Three generations of Gilmore Girl decide to road trip it south to Charlotte, North Carolina, and in the process they confront some of the core tensions of the show: namely, Emily’s jealousy and anger over her daughter Lorelai abandoning her rich life in Hartford, Connecticut, to raise her baby in a small town under the wing of an innkeeper who becomes like a surrogate mother and grandmother to Lorelai and Rory. So, naturally, when that innkeeper (played in this episode by Kathy Baker) gets married, Emily invites herself along on Lorelai and Rory’s road trip to the wedding. It’s awkward and cathartic. –BH

“The Gang Hits the Road,” It’s Always Sunny in Philadelphia (Season 5, Episode 2), 2009

What’s the opposite of inspiration? A warning, I guess. And like almost everything else the gang gets up to on It’s Always Sunny in Philadelphia , the show’s madcap road-trip episode is a cautionary tale. They set out early one morning—11 a.m. on a Tuesday—on an old-school drive from Philly to the Grand Canyon.
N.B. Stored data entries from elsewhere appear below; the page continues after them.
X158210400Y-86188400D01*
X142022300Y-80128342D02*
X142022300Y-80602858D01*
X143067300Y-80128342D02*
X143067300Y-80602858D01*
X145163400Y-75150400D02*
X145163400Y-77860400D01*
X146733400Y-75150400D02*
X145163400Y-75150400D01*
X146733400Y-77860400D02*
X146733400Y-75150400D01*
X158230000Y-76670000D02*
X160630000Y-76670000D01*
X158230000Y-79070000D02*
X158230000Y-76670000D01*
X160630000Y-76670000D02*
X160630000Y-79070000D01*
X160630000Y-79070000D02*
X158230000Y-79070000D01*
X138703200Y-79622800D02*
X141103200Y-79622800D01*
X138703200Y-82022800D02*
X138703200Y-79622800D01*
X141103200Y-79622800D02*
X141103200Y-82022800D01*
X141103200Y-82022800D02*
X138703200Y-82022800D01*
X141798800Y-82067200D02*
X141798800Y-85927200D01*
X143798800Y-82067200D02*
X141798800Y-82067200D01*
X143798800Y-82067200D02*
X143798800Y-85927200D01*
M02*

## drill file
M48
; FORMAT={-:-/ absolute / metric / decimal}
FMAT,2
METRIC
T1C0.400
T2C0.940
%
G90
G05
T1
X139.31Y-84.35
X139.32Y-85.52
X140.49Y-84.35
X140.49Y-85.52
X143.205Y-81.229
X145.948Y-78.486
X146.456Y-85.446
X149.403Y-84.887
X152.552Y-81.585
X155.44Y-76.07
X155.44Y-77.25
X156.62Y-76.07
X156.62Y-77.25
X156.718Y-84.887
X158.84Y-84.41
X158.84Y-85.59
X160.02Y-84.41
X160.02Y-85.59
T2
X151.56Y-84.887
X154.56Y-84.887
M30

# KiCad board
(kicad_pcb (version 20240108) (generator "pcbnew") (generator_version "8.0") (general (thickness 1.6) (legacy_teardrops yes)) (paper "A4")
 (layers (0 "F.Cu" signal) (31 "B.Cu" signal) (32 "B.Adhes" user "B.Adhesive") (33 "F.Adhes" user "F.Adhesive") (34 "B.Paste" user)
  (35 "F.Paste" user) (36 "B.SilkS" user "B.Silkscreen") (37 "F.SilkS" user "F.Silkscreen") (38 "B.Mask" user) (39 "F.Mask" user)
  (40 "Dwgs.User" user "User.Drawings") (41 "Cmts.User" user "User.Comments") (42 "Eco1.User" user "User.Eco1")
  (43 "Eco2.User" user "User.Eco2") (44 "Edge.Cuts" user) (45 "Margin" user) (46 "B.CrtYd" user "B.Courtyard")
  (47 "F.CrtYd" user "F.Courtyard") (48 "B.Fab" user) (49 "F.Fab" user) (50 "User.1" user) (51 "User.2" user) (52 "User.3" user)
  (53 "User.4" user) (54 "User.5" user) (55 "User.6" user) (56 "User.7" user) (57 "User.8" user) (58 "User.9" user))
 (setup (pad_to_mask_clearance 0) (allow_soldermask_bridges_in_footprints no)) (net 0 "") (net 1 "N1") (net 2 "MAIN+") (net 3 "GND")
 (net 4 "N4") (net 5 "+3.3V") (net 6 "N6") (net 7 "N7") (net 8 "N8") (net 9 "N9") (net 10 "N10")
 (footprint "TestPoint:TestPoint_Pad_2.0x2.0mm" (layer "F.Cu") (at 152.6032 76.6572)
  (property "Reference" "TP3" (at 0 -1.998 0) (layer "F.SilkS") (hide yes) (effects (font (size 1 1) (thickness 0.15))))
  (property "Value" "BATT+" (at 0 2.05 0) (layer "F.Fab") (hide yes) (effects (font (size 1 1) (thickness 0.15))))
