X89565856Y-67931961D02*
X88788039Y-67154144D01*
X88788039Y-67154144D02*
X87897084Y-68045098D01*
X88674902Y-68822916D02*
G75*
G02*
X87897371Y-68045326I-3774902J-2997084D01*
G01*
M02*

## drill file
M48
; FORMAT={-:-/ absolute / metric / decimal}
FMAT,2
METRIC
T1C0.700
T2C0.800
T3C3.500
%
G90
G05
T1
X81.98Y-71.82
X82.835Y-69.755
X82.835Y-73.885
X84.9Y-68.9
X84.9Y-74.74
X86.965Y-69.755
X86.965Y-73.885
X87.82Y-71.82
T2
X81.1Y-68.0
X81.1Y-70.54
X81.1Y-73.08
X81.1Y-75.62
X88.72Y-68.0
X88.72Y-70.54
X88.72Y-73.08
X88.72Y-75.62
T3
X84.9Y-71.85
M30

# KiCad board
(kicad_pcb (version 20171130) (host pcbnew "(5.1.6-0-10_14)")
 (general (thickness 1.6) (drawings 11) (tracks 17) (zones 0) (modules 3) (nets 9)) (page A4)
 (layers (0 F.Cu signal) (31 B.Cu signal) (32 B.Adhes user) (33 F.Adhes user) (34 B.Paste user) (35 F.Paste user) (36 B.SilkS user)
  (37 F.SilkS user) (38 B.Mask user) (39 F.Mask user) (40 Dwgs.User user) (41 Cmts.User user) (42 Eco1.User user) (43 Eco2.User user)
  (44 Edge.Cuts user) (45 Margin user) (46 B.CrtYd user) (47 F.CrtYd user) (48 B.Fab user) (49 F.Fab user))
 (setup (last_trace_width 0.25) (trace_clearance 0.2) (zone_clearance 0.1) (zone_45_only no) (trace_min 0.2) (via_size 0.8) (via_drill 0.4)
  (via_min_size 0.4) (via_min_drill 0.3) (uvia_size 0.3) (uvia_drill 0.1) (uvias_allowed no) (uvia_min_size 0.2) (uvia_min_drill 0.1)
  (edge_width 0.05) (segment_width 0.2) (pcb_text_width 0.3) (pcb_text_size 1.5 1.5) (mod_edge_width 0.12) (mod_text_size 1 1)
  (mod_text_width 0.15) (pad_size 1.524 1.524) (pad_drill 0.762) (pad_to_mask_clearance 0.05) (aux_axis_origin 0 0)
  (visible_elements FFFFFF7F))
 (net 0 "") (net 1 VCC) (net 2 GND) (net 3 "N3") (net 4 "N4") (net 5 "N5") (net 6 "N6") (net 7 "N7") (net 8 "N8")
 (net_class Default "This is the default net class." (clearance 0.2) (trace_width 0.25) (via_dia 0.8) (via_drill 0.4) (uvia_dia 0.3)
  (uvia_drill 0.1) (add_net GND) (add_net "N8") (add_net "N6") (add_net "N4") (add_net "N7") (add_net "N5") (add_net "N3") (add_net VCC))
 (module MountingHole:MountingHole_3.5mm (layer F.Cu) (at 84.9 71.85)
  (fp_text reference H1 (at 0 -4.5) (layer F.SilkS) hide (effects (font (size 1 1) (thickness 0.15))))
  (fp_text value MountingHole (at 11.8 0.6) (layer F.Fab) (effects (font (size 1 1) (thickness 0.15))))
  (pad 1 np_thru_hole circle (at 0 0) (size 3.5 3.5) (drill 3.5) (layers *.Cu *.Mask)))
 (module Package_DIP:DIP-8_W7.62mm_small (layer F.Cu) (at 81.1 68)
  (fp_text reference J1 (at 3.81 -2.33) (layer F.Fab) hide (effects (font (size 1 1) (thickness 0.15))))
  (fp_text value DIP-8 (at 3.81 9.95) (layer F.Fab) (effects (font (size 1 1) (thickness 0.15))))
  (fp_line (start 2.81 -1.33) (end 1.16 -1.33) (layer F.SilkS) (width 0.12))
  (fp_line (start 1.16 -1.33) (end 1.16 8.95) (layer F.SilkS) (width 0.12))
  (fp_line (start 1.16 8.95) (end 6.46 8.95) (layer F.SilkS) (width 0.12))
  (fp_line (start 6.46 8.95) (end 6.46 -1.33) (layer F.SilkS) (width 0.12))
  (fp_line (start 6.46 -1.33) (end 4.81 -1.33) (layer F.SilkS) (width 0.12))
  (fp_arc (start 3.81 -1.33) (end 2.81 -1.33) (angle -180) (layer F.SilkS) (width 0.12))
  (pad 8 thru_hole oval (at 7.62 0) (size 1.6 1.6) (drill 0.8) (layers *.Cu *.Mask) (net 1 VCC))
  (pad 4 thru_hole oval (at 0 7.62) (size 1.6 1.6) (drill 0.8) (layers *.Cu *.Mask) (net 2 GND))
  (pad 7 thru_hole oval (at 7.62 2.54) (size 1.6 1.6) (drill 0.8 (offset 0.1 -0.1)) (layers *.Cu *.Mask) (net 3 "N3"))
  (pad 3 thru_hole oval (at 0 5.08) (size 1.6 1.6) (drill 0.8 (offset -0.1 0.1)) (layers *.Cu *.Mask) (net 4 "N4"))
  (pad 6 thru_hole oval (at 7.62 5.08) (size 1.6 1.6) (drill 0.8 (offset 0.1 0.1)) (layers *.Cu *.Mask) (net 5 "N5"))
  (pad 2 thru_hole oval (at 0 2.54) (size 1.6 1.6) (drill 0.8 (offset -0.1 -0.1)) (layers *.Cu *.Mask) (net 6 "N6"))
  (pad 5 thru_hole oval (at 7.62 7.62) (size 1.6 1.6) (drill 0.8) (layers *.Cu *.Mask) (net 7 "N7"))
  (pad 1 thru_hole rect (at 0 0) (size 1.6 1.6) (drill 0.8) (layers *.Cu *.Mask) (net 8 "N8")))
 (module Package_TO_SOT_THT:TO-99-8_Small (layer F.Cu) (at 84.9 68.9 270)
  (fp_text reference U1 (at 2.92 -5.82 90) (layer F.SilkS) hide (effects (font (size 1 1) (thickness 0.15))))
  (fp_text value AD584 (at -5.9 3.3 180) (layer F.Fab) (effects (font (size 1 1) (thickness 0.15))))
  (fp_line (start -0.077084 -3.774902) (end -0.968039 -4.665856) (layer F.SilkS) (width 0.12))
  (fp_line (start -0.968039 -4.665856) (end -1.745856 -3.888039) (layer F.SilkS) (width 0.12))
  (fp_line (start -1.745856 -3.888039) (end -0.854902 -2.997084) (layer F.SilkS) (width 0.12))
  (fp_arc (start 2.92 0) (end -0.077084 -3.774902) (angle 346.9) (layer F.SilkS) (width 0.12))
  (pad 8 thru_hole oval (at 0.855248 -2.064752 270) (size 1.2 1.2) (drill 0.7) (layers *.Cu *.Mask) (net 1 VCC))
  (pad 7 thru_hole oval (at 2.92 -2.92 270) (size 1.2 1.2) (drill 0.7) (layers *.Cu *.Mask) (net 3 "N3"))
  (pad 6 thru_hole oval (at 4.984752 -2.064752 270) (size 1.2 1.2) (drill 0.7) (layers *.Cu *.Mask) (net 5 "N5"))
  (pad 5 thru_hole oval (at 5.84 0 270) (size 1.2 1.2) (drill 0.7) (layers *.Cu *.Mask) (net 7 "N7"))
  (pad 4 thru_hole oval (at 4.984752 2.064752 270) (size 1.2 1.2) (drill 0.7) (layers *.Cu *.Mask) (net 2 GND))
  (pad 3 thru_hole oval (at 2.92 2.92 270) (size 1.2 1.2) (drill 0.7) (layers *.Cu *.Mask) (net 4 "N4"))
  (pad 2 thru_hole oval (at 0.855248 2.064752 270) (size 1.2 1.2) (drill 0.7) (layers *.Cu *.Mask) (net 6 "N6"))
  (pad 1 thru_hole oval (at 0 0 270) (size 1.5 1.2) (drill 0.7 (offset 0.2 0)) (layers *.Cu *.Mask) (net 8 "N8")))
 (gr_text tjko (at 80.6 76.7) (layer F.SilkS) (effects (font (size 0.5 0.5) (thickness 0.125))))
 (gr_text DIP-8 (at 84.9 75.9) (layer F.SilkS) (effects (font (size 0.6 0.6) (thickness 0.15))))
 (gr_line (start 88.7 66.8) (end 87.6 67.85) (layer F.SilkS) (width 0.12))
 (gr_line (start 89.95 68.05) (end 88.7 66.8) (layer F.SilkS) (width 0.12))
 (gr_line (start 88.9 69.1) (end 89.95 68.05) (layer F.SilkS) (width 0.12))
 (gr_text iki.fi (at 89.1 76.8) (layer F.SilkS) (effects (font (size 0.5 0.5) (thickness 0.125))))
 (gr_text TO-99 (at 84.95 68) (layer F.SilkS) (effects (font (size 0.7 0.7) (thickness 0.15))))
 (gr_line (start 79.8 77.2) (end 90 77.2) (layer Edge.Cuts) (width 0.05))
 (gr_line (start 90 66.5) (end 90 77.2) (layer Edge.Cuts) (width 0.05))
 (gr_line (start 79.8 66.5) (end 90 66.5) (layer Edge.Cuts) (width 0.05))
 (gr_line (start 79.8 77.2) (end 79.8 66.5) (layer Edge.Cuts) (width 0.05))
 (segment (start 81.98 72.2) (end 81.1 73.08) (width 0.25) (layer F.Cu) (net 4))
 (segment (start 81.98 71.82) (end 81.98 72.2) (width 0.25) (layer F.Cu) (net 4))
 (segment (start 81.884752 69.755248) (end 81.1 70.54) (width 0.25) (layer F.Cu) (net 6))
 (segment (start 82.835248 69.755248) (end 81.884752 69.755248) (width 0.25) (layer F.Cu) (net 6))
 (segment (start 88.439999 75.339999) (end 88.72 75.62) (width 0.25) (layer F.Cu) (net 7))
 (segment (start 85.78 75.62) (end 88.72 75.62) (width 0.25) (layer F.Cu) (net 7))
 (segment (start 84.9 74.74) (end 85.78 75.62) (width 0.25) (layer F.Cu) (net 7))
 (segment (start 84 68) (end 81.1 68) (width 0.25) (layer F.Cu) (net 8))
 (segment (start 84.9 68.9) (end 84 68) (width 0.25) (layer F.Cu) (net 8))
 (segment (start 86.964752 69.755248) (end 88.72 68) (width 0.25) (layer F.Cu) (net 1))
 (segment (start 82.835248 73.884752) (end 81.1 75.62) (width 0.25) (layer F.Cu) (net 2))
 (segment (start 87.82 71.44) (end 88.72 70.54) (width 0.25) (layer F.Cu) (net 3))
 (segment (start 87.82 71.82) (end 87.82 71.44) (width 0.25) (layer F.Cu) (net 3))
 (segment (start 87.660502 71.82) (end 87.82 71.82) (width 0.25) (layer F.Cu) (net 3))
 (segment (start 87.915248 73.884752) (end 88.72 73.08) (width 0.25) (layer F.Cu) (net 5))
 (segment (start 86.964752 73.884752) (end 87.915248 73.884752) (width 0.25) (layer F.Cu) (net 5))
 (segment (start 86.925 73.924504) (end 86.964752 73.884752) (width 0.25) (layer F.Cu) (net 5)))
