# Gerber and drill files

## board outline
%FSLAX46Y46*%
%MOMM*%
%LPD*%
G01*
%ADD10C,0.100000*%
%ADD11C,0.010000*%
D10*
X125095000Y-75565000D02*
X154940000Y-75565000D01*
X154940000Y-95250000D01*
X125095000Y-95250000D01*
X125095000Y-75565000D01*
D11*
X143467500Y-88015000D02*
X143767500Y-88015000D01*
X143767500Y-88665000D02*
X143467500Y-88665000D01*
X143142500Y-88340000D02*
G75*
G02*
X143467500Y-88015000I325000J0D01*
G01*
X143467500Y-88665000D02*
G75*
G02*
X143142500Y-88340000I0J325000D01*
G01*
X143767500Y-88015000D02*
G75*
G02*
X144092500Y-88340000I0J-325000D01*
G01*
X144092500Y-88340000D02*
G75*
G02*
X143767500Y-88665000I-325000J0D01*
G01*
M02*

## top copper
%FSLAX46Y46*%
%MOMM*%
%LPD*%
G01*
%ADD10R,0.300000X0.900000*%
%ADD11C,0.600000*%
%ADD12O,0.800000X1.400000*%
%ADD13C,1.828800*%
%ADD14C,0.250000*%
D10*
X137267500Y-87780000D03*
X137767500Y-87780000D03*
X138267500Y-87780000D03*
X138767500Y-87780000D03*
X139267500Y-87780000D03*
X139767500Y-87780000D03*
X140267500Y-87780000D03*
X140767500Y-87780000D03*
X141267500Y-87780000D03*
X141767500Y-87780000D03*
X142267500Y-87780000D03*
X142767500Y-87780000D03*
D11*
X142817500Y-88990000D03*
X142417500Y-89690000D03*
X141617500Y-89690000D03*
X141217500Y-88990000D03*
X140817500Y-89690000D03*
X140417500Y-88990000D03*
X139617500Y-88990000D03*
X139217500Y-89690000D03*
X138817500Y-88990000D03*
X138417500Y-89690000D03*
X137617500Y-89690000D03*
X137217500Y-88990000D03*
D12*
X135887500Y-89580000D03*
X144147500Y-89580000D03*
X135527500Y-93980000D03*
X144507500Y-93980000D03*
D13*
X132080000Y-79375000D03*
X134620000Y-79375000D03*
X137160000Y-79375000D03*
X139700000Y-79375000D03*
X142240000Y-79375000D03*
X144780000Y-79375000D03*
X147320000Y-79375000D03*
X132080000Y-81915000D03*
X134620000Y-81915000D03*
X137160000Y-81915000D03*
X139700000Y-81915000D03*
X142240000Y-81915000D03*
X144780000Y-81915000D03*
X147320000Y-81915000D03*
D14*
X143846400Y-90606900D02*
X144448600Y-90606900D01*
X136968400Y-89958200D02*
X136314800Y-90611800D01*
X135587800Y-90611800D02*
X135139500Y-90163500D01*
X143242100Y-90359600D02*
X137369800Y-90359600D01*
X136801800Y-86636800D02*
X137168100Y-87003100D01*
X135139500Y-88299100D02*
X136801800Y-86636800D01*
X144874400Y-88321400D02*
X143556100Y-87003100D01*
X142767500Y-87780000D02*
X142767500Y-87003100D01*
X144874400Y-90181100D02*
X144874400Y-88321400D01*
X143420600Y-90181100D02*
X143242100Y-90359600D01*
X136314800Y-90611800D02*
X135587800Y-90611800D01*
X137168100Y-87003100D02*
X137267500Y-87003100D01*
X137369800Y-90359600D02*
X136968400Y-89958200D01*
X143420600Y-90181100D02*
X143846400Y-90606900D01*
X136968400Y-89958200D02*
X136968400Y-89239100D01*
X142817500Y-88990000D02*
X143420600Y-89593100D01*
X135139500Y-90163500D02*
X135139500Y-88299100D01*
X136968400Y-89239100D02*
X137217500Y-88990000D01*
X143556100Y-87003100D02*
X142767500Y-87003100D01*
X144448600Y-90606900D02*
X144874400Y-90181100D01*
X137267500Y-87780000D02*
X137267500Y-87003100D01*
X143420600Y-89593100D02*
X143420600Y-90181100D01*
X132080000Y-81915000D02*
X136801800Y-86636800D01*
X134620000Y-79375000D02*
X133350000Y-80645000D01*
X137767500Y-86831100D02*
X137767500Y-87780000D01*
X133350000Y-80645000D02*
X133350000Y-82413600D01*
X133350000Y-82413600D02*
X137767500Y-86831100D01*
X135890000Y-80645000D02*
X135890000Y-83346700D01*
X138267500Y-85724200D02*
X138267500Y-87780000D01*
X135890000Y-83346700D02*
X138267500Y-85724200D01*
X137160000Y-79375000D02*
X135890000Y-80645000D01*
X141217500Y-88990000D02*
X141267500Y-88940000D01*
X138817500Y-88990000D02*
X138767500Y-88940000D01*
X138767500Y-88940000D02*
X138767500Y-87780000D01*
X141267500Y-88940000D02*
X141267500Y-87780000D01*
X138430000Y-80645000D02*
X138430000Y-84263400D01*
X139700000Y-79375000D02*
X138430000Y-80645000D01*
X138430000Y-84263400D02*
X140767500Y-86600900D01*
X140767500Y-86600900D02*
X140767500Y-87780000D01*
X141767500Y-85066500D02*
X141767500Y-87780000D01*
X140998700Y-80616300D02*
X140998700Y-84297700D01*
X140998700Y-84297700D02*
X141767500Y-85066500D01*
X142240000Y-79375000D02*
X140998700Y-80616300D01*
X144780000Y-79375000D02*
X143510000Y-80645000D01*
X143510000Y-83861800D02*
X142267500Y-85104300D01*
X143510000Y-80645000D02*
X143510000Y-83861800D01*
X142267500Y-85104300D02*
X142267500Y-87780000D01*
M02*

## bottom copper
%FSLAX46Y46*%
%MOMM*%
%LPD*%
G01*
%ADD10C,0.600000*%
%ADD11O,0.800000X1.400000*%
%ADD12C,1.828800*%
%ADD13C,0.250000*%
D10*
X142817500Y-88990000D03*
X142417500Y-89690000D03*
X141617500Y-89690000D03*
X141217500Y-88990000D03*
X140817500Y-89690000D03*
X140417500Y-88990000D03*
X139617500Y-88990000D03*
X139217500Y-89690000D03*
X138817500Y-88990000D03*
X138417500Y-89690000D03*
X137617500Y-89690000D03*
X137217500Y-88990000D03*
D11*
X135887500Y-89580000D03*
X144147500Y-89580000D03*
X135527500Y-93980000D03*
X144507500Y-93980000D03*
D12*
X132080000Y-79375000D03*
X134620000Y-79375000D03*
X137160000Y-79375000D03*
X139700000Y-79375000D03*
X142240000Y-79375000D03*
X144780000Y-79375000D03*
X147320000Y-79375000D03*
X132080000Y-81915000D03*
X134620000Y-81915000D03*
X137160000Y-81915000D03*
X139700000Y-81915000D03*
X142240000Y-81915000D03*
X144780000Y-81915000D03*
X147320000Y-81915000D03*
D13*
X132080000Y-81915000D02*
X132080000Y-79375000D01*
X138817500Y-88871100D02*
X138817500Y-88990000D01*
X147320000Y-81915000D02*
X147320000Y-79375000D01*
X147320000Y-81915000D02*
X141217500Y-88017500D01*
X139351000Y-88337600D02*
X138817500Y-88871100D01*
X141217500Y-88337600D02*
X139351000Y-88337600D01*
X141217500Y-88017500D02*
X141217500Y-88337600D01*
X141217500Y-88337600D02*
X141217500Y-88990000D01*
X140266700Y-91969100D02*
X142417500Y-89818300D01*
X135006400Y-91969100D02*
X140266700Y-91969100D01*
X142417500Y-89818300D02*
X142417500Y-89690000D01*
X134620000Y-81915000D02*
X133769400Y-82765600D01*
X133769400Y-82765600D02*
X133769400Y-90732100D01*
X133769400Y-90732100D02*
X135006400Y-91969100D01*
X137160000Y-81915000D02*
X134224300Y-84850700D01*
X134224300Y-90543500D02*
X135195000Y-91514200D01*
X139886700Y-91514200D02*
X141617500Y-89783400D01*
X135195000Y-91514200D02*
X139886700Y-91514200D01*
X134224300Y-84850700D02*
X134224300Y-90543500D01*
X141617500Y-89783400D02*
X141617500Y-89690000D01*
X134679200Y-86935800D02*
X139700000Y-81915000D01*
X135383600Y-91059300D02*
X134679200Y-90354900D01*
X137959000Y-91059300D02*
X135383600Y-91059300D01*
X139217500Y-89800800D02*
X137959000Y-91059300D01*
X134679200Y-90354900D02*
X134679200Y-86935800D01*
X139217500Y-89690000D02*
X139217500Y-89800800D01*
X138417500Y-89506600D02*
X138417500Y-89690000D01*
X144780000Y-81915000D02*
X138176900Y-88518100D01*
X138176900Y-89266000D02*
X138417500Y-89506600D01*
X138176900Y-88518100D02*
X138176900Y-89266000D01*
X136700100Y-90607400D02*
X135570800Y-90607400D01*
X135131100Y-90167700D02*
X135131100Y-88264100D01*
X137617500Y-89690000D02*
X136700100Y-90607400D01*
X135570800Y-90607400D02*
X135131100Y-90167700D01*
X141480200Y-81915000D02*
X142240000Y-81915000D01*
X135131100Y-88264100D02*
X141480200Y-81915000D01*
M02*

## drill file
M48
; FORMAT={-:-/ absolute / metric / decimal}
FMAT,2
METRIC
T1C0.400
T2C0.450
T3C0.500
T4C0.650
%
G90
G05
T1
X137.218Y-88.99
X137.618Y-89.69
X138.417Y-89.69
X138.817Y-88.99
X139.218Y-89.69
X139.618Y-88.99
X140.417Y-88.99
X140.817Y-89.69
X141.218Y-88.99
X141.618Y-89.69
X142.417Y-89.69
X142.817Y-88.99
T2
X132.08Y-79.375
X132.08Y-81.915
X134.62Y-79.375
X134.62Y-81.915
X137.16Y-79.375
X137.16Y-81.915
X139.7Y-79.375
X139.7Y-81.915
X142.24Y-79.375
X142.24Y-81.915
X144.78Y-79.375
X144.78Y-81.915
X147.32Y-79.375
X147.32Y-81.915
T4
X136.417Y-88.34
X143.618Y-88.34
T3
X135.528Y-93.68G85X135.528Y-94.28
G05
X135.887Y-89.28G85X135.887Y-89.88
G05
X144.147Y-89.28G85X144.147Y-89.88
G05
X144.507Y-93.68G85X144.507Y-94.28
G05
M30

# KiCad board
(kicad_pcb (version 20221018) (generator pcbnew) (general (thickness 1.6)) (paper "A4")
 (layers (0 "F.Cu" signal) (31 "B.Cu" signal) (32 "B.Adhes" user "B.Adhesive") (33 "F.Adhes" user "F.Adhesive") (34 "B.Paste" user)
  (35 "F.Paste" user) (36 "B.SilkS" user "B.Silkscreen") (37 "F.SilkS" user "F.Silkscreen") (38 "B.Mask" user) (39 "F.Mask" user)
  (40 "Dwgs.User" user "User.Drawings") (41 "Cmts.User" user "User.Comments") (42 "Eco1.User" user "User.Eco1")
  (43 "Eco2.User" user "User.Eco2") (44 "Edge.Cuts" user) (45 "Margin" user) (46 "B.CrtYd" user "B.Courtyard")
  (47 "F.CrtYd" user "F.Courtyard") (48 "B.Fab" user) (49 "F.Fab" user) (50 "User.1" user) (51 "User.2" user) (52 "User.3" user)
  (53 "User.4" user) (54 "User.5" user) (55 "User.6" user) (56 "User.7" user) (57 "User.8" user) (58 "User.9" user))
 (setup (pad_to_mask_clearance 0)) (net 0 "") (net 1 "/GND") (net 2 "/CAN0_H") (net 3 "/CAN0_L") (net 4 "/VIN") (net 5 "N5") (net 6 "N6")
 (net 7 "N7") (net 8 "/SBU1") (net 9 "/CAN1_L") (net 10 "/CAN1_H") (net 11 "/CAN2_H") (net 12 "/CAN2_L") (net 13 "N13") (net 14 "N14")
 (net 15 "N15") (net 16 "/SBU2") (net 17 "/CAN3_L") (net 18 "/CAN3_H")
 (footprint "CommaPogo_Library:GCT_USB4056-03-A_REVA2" (layer "F.Cu") (at 140.0175 93.98)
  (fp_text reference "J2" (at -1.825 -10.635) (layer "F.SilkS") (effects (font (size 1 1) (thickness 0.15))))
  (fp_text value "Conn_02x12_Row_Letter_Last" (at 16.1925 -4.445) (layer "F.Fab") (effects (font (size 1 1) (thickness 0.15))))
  (fp_line (start 3.45 -5.965) (end 3.75 -5.965) (stroke (width 0.01) (type solid)) (layer "Edge.Cuts"))
  (fp_line (start 3.75 -5.315) (end 3.45 -5.315) (stroke (width 0.01) (type solid)) (layer "Edge.Cuts"))
  (fp_arc (start 3.125 -5.64) (mid 3.22019 -5.86981) (end 3.45 -5.965) (stroke (width 0.01) (type solid)) (layer "Edge.Cuts"))
  (fp_arc (start 3.45 -5.315) (mid 3.22019 -5.41019) (end 3.125 -5.64) (stroke (width 0.01) (type solid)) (layer "Edge.Cuts"))
  (fp_arc (start 3.75 -5.965) (mid 3.97981 -5.86981) (end 4.075 -5.64) (stroke (width 0.01) (type solid)) (layer "Edge.Cuts"))
  (fp_arc (start 4.075 -5.64) (mid 3.97981 -5.41019) (end 3.75 -5.315) (stroke (width 0.01) (type solid)) (layer "Edge.Cuts"))
  (pad "" np_thru_hole circle (at -3.6 -5.64) (size 0.65 0.65) (drill 0.65) (layers "*.Cu" "*.Mask"))
  (pad "" np_thru_hole circle (at 3.6 -5.64) (size 0.65 0.65) (drill 0.65) (layers "*.Cu" "*.Mask"))
  (pad "A1" smd rect (at -2.75 -6.2) (size 0.3 0.9) (layers "F.Cu" "F.Paste" "F.Mask") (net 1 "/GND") (solder_mask_margin 0.102))
  (pad "A2" smd rect (at -2.25 -6.2) (size 0.3 0.9) (layers "F.Cu" "F.Paste" "F.Mask") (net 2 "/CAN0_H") (solder_mask_margin 0.102))
  (pad "A3" smd rect (at -1.75 -6.2) (size 0.3 0.9) (layers "F.Cu" "F.Paste" "F.Mask") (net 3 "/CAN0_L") (solder_mask_margin 0.102))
In this case, “old school” means smoking cigarettes, drinking beer, dragging an (initially) empty trailer, and using only vintage paper maps on the way. After a predictably unpredictable chain of events that includes a run-in with a cyclist, picking up a hitchhiker, and an audacious attempt at cooking hot dogs in the trailer, it turns out that the gang never actually gets out of Philly; the whole thing is a bust. But all is not lost—Dee makes a friend, Mac gets a great bargain, and Charlie tries a pear for the first time ever (“It tastes like sand”). Even on the worst road trip imaginable, there’s fun to be had. Maybe it is a little inspirational, after all.